Qué hay del otro lado de un puente que se transita como camino alternativo, como atajo de una duda que ni siquiera puede formularse. La duda –otra duda-, lo que quedó pendiente para otra vida. Ahora que lo sabe, lo siente como terreno firme para mantenerse en el aire de ese salto que se atrevió a dar después de un largo rodeo, que se acabó cuando descubrió del peor modo lo que ya sabía: lo que se construye de un solo lado se desploma por carencia de simetría.

5
Ana se encuentra con Inés en un bar a media mañana. La noche anterior, la tormenta la desveló y la sumergió de nuevo en las postales y en los pocos recuerdos que conserva de ese que aparece en el reverso de todas las cosas. Por primera vez, ella despliega sola la conversación sobre la mesa; la extiende como un mapa que hay que alisar con las manos porque, de estar tanto tiempo enrollado, se cierra sobre sí mismo. Del otro lado, está él, el Toro que se ha dejado embestir para ser eterno, omnipresente. Inés recuerda que, como los sobrevivientes de la primera guerra mundial, Ana se había quedado muda después de librar su primera batalla.
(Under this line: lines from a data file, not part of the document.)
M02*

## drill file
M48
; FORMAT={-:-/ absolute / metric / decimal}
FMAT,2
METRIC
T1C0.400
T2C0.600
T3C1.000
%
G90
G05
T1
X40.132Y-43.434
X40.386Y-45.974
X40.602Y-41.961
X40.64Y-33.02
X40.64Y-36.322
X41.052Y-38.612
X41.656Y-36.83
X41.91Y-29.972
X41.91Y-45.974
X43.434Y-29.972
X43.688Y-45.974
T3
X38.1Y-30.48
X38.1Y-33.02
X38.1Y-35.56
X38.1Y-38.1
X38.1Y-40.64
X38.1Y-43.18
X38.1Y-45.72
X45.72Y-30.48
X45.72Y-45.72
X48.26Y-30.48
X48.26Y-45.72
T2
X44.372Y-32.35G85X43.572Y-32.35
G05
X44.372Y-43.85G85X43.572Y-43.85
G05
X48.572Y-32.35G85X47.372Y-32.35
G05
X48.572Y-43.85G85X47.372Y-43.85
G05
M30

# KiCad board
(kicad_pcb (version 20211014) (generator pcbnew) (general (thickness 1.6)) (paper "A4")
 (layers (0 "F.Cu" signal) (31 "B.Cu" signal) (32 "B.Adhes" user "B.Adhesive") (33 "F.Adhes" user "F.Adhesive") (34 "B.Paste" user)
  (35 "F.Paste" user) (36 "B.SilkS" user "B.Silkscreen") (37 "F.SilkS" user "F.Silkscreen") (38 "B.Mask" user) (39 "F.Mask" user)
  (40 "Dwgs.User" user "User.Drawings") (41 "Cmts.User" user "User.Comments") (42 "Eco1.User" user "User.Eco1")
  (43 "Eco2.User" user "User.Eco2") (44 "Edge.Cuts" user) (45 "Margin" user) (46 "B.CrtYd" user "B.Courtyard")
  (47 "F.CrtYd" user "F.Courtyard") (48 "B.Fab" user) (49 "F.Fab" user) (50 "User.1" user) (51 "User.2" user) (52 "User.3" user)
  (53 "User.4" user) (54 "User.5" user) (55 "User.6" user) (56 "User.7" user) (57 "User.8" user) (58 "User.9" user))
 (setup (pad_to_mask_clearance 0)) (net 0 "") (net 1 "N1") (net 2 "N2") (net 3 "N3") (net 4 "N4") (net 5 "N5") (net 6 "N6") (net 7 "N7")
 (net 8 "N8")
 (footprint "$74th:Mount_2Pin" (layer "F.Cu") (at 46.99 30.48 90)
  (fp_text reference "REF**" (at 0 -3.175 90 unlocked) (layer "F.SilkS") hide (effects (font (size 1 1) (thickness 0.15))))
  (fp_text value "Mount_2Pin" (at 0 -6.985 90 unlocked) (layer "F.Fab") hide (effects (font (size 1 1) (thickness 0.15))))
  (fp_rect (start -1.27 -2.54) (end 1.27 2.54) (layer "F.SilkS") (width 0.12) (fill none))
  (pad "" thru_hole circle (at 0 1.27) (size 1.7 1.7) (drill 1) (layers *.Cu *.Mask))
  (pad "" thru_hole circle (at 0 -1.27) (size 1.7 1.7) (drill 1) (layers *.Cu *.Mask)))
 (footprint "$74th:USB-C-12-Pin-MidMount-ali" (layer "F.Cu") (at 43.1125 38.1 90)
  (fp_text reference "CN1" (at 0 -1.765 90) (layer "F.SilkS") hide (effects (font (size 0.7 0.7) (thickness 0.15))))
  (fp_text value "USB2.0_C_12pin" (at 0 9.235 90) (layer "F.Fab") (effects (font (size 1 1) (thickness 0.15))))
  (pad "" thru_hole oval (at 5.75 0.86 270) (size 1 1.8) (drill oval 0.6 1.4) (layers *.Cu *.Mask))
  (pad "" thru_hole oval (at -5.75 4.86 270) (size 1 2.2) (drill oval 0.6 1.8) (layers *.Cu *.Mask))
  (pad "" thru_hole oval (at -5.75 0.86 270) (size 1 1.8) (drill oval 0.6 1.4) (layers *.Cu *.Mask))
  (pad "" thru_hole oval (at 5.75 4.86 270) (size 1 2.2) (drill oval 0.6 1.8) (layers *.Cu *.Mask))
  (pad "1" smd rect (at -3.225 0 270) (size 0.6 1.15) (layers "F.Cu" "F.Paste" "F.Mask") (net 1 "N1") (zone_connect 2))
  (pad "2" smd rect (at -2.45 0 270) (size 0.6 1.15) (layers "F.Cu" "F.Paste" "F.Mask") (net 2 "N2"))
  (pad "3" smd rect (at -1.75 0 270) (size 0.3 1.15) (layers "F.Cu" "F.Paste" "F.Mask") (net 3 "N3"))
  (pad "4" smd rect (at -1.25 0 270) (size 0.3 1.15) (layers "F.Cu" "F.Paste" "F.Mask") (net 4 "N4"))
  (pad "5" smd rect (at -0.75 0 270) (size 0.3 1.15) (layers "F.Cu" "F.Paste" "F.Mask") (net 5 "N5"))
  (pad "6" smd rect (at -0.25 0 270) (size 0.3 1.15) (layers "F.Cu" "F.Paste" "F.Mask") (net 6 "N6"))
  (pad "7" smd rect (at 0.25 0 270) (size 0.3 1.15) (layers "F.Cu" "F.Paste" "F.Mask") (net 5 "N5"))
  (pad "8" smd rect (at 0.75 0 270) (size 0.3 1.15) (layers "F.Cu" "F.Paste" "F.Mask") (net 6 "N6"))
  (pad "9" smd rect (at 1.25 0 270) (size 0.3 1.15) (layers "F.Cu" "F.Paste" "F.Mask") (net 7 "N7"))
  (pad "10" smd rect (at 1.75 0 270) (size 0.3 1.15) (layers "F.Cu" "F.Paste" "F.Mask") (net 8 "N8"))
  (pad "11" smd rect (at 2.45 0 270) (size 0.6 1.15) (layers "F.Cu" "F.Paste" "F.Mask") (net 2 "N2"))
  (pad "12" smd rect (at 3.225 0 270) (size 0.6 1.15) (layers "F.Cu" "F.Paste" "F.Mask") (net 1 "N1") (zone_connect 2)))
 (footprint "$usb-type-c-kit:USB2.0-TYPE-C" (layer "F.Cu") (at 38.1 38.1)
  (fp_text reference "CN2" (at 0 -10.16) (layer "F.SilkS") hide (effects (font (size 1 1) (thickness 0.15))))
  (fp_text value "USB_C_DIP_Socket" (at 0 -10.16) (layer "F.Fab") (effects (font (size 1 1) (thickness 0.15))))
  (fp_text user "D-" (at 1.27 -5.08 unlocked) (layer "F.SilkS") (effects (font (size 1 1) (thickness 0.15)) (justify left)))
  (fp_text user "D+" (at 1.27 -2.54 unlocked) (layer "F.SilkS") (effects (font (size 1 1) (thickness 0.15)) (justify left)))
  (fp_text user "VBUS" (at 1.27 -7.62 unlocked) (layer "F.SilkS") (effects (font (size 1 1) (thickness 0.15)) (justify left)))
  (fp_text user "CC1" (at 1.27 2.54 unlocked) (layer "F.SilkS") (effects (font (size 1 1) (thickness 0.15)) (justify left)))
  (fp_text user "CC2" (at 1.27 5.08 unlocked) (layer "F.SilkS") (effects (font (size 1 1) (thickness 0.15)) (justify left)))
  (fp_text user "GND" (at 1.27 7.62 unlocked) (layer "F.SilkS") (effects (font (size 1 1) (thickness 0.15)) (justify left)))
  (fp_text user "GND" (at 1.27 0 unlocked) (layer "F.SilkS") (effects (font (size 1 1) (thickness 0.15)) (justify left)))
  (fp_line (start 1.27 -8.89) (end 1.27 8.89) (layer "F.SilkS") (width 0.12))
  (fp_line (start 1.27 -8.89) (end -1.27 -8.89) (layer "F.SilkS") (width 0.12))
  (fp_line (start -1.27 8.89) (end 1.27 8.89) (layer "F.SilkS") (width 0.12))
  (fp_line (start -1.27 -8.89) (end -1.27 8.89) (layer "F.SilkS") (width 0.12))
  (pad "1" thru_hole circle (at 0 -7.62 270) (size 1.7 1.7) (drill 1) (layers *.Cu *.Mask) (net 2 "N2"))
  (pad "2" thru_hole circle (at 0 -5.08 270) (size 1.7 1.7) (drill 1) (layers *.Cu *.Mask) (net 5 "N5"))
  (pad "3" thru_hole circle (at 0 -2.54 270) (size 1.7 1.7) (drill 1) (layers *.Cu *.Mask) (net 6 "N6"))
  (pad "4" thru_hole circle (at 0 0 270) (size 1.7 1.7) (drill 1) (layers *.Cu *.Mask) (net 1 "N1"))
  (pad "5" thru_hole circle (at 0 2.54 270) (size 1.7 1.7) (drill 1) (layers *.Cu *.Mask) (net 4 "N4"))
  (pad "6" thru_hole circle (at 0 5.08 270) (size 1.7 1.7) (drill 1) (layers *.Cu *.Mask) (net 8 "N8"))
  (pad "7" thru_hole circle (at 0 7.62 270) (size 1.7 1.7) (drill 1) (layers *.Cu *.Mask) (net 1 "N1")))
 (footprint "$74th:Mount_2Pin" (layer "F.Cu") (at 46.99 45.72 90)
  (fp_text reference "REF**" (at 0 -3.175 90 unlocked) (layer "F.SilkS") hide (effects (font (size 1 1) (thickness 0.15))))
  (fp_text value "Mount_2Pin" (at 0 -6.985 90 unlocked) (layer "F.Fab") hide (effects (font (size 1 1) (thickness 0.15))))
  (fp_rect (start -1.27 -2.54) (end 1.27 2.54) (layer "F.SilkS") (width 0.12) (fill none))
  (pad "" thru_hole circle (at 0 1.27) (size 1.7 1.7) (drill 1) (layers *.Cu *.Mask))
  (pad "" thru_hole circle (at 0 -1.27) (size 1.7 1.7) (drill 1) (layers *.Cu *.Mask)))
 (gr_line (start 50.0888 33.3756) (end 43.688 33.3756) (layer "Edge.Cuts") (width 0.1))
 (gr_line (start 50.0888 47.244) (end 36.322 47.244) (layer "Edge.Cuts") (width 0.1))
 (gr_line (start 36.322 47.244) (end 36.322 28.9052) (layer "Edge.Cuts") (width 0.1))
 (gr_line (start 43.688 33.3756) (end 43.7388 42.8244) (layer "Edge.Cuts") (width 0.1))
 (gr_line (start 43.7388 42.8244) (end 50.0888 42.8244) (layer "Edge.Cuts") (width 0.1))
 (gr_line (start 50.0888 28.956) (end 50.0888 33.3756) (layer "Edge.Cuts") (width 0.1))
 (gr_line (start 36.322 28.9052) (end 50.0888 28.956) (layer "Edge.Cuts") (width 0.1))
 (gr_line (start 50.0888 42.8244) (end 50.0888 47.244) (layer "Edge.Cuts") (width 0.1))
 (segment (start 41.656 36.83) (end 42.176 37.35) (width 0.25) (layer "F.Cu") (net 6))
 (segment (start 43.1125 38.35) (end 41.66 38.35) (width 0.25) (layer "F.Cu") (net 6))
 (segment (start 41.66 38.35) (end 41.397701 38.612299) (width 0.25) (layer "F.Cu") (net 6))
La segunda, en cambio, puso las cosas en su lugar: las que se habían desmoronado, las que se habían perdido, la pena enorme de lo que ya no se puede sostener; las que había guardado sin sospechar que serían un día los destellos de un faro que le recordarían el rumbo e iluminarían los duelos.
El día avanza y se llena de trivialidades con las que deben cumplir. Pagan el café y salen. La atmósfera se ha vuelto gris y el aire parece haberse ausentado. La ciudad está inquieta: evitan una manifestación que avanza por Paraguay y se encuentran con grupos de estudiantes disfrazados como si fuera carnaval. Entre tanto trastoque, la gente va y viene como si nada extraño estuviera ocurriendo. Inés se pregunta dónde han quedado las épocas en las que el paisaje era un reflejo del estado de ánimo de los protagonistas de la historia. Llegan a la parada y esperan un colectivo que no tarda en llegar: Ana casi no alcanza a terminar la anécdota de un tipo que contrataba enanos porque le gustaba ser mirado desde abajo. Inés se sube al colectivo, Ana se aleja a pie.


6
A través de la ventanilla, la ciudad se ve distinta. Inés piensa que si la historia pudiera escribirse, habría que cambiar algunas cosas. Al salir del bar, las protagonistas deberían encontrar una ciudad llena de sol. Podría, incluso, hacer frío, que le suena más adecuado para anidar ciertas revelaciones. O mejor: debería ser de noche y el relato podría terminar con el rito de la queimada. Entonces: es de noche en el mismo patio de baldosas rojas. Ya no llueve y todo está quieto. Los malos espíritus se han alejado; los espíritus de los amigos ausentes comparten con nosotros esta queimada y la protagonista descifra el mandala que se dibuja y se desdibuja desde hace años detrás de sus ojos. Al final, todo cierra, casi como si alguien lo hubiera planificado de antemano. Alguien, que bien podría ser el Toro, con su voz de birome azul, del otro lado de la postal de Finesterre. 

(*) Publicado en el suplemento Señales de La Capital de Rosario. 8 de febrero de 2015.